Where is my pension invested?
Pensions may be for the long-term, but it’s important to regularly review where your money is being invested.
You need to keep a close eye on which funds your retirement savings are in so that you can check you’re comfortable with the risks involved. You should also keep a close eye on how much you’re being charged, as fees can have a big impact on the amount you end up with at retirement.
Here, we explain the different pension investment options, and how your choices might change as you get closer to retirement.
Personal and workplace pensions
If you have a personal pension, or belong to a workplace defined contribution pension scheme, and you don’t say how you want your contributions invested, your money will usually automatically go into your scheme provider’s ‘default’ fund.
Default funds are essentially a type of ‘one size fits all’ investment. They are often what are known as ‘multi-asset’ funds, which mean they invest in a range of different assets, including shares, bonds, property, and cash.
Sometimes default funds will tend to focus more on riskier investments such as stocks and shares when you’re younger, and then gradually move your money into less risky investments such as bonds and cash as you approach retirement.
Often pension scheme providers will offer a wider selection of funds to choose from. This may allow you to choose investments that more closely match your appetite for risk. For example, if you’ve got several decades to go before retirement, you may be comfortable putting your money into mainly high-risk investments, typically shares, in the hope of higher potential rewards.

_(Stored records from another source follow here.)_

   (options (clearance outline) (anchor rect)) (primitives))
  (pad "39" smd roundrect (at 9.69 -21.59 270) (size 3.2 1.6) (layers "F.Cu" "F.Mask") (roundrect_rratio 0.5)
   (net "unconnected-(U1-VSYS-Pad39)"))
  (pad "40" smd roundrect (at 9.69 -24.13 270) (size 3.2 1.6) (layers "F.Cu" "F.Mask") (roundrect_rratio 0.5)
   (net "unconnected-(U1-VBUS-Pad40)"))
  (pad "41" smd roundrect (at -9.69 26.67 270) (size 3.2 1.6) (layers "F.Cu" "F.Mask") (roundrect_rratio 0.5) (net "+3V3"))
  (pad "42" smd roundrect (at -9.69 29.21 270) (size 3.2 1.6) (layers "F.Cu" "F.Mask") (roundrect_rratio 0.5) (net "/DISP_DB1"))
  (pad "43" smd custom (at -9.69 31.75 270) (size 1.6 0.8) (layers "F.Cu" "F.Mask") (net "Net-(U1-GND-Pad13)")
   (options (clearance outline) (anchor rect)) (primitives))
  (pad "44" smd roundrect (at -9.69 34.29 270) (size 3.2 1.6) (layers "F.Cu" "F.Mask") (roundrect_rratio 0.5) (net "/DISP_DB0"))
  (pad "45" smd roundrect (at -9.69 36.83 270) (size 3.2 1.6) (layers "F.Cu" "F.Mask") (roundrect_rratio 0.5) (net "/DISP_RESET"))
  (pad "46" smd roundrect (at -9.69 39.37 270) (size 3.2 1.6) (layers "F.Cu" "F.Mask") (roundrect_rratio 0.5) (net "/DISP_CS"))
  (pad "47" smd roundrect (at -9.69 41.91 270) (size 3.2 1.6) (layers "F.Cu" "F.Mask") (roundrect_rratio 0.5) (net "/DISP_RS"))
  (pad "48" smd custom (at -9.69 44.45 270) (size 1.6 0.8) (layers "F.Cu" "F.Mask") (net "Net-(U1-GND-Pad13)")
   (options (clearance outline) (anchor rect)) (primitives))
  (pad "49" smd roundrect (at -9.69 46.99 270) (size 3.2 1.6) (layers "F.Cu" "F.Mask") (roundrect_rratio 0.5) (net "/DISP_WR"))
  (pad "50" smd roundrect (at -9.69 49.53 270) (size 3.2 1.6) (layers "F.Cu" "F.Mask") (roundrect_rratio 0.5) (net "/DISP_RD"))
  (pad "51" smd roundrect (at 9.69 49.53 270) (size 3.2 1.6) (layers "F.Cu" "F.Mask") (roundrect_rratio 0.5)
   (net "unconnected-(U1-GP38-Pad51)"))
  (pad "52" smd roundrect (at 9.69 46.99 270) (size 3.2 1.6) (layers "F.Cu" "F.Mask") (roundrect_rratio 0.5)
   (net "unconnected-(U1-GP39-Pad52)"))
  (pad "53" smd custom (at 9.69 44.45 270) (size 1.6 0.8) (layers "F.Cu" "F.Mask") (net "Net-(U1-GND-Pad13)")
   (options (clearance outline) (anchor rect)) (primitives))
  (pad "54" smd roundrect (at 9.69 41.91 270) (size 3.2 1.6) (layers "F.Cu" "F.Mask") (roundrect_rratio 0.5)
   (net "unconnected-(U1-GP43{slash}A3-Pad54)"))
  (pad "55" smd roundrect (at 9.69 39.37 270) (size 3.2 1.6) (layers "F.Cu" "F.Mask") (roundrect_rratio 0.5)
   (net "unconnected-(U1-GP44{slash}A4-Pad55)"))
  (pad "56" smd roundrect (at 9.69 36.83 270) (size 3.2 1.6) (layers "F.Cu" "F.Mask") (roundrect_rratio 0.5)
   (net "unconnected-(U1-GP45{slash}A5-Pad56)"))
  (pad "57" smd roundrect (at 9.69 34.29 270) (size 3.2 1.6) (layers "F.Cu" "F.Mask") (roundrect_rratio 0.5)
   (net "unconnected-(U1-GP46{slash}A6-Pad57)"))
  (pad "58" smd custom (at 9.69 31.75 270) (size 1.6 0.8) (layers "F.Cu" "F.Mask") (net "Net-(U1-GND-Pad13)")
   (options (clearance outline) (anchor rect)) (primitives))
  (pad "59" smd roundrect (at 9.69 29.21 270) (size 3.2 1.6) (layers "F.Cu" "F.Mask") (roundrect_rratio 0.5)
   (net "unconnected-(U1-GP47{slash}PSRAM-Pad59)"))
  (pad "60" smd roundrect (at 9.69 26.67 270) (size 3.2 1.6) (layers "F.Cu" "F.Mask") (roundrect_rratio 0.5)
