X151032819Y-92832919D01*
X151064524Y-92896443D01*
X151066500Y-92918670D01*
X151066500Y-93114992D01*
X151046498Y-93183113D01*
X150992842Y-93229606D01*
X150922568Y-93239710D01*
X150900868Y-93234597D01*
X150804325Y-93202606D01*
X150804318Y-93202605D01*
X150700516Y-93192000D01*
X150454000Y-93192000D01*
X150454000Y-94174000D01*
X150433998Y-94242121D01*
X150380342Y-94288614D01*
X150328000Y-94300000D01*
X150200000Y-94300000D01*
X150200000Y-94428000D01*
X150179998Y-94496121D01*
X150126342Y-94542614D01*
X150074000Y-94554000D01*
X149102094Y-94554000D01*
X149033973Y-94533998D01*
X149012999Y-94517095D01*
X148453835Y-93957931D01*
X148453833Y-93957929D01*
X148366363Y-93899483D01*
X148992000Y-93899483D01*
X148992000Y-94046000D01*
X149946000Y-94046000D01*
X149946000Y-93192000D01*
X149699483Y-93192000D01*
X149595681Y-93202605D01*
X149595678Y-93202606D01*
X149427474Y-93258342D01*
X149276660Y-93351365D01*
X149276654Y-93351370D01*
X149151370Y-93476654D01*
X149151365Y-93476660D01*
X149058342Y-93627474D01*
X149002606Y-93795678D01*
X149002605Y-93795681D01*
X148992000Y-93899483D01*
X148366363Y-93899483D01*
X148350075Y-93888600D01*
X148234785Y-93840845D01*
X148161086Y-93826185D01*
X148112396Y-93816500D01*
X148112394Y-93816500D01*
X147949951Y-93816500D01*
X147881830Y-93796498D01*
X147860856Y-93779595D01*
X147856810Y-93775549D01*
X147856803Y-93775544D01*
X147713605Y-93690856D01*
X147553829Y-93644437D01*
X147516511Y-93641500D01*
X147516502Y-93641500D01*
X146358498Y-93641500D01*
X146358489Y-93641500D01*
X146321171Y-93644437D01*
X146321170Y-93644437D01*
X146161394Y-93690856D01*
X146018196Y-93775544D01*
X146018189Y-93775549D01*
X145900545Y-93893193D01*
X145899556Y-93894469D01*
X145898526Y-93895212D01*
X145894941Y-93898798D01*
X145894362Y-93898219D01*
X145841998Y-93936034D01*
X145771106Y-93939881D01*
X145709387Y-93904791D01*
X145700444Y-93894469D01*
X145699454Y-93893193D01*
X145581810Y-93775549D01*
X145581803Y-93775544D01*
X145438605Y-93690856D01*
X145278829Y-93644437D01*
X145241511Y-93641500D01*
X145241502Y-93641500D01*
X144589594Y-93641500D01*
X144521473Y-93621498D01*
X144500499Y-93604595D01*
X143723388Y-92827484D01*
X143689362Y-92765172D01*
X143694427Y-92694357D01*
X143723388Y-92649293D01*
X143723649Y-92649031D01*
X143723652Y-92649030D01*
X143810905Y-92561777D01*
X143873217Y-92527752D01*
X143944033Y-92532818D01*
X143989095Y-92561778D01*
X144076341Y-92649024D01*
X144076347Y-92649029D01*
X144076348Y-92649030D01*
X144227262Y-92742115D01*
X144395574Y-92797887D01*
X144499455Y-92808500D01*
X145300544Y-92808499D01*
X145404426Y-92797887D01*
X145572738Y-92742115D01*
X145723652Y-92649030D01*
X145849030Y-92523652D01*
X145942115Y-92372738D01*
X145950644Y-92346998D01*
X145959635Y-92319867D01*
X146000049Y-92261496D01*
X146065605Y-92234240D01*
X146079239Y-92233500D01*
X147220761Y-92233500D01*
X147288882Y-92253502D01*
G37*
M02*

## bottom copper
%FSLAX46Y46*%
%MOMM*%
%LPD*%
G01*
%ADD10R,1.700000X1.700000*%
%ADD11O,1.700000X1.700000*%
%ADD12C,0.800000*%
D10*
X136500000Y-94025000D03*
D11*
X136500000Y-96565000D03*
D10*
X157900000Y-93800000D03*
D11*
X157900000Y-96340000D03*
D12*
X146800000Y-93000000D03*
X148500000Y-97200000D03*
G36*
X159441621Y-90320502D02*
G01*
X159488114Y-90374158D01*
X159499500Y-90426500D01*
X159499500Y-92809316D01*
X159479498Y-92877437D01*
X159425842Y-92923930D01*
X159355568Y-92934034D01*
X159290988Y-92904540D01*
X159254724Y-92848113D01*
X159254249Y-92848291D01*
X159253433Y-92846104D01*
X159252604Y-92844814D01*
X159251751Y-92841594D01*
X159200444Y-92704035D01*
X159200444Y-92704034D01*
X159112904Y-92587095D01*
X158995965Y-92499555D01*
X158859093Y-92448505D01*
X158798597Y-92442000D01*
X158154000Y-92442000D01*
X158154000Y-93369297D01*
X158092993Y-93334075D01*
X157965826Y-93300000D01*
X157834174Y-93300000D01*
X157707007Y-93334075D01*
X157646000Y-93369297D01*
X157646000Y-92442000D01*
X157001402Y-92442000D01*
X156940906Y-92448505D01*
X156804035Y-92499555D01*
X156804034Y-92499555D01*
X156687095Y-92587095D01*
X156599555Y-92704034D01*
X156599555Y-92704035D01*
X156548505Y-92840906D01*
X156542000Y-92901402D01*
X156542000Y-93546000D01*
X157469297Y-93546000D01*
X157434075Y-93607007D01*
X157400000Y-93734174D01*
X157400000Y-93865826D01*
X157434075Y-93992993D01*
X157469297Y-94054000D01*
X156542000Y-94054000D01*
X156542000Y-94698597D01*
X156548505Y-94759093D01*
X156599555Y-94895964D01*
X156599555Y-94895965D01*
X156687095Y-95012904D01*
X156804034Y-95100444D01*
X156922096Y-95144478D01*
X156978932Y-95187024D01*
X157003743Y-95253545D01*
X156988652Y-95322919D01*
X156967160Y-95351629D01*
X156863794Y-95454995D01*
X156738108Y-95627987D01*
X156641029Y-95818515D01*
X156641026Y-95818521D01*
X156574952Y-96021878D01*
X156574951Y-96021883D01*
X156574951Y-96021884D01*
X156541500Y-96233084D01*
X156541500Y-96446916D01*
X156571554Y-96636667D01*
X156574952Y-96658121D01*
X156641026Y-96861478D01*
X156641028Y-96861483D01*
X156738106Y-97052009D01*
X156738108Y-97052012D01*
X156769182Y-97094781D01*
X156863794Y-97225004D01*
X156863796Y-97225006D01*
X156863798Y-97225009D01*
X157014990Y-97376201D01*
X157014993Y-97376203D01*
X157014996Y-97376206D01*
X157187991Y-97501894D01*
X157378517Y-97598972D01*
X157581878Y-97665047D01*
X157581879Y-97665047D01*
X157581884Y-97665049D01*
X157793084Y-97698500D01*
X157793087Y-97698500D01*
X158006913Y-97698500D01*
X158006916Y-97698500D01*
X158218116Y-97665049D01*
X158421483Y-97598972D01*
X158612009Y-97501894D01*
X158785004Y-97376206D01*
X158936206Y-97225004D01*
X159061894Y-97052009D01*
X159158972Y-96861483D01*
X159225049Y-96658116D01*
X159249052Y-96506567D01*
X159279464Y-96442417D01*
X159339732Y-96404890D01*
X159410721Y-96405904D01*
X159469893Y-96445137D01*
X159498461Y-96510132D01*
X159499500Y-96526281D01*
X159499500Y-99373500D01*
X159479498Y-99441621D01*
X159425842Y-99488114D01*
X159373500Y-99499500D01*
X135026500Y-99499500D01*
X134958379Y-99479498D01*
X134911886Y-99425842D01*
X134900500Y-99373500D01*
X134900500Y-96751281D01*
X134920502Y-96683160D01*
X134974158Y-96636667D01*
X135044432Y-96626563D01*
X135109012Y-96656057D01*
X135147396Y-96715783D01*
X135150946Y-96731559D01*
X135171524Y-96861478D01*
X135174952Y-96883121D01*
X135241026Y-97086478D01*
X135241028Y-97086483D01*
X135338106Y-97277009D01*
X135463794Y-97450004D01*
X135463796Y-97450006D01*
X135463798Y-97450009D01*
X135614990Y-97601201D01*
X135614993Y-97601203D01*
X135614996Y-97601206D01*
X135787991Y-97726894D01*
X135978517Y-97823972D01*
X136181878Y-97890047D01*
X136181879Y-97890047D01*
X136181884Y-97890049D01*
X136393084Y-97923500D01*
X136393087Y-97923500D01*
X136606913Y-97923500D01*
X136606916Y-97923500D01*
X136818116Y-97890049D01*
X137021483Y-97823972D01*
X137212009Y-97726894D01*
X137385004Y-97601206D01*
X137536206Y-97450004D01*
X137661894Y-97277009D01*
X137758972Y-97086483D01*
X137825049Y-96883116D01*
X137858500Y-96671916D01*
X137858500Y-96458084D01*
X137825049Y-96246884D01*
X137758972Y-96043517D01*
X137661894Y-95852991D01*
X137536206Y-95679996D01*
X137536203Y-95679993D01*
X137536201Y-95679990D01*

If you’re not sure how, or where to invest your retirement savings, you should seek professional finance advice.
Stocks and shares
Stocks and shares are high risk because their prices go up or down depending on how well people think a company is performing. If share prices fall, then the value of your investment will reduce too, and vice versa. Over long-term periods, however, shares have historically provided better returns than other assets such as cash or bonds, although there are no guarantees.
You can learn more about why share prices move and how this affects your retirement savings in our article ‘What stock market volatility means for your pension’.
Bonds are usually considered lower risk than shares. They are effectively IOUs issued by governments and companies looking to raise cash, so when you invest in a bond, you are basically lending the bond issuer your money for a set period. During this time, you’ll receive a fixed rate of interest, and when the bond matures, you should get the original amount you put in back. However, if the bond issuer runs into financial difficulties, there is a chance you could get back less than you put in. The higher the interest rate offered by the bond, the riskier it is.
When a fund invests in property, this is usually commercial property, such as retail parks and office blocks. Property is known as an ‘illiquid’ asset because it isn’t always easy to sell quickly. Property values can, like any other type of investment, fall as well as rise.
Cash is the lowest risk type of asset, but when interest rates are low, returns will be minimal and may struggle to keep pace with inflation, or rising living costs.
The importance of diversification
When looking at where your pension is invested, the main point to remember is that you should never keep all your eggs in one basket. By spreading your money across a range of different assets, this should ensure that if one type of asset isn’t doing so well, hopefully the performance of some of the others might make up for it. Most default funds will already be well-diversified, but it’s worth checking.
Make sure you review your fund choices at least once a year to check that you’re happy with the amount of risk you’re taking, and that the charges haven’t increased. With our ongoing service, we’ll speak to you annually to talk you through this, or contact us whenever you like.
Final salary or defined benefit schemes
If you belong to a final salary or defined benefit pension, the income from this type of pension is related to your earnings when you worked for the employer of the scheme and doesn’t depend on how any underlying investment does.
That means you won’t need to make any investment decisions, as these will be made by the company you work for.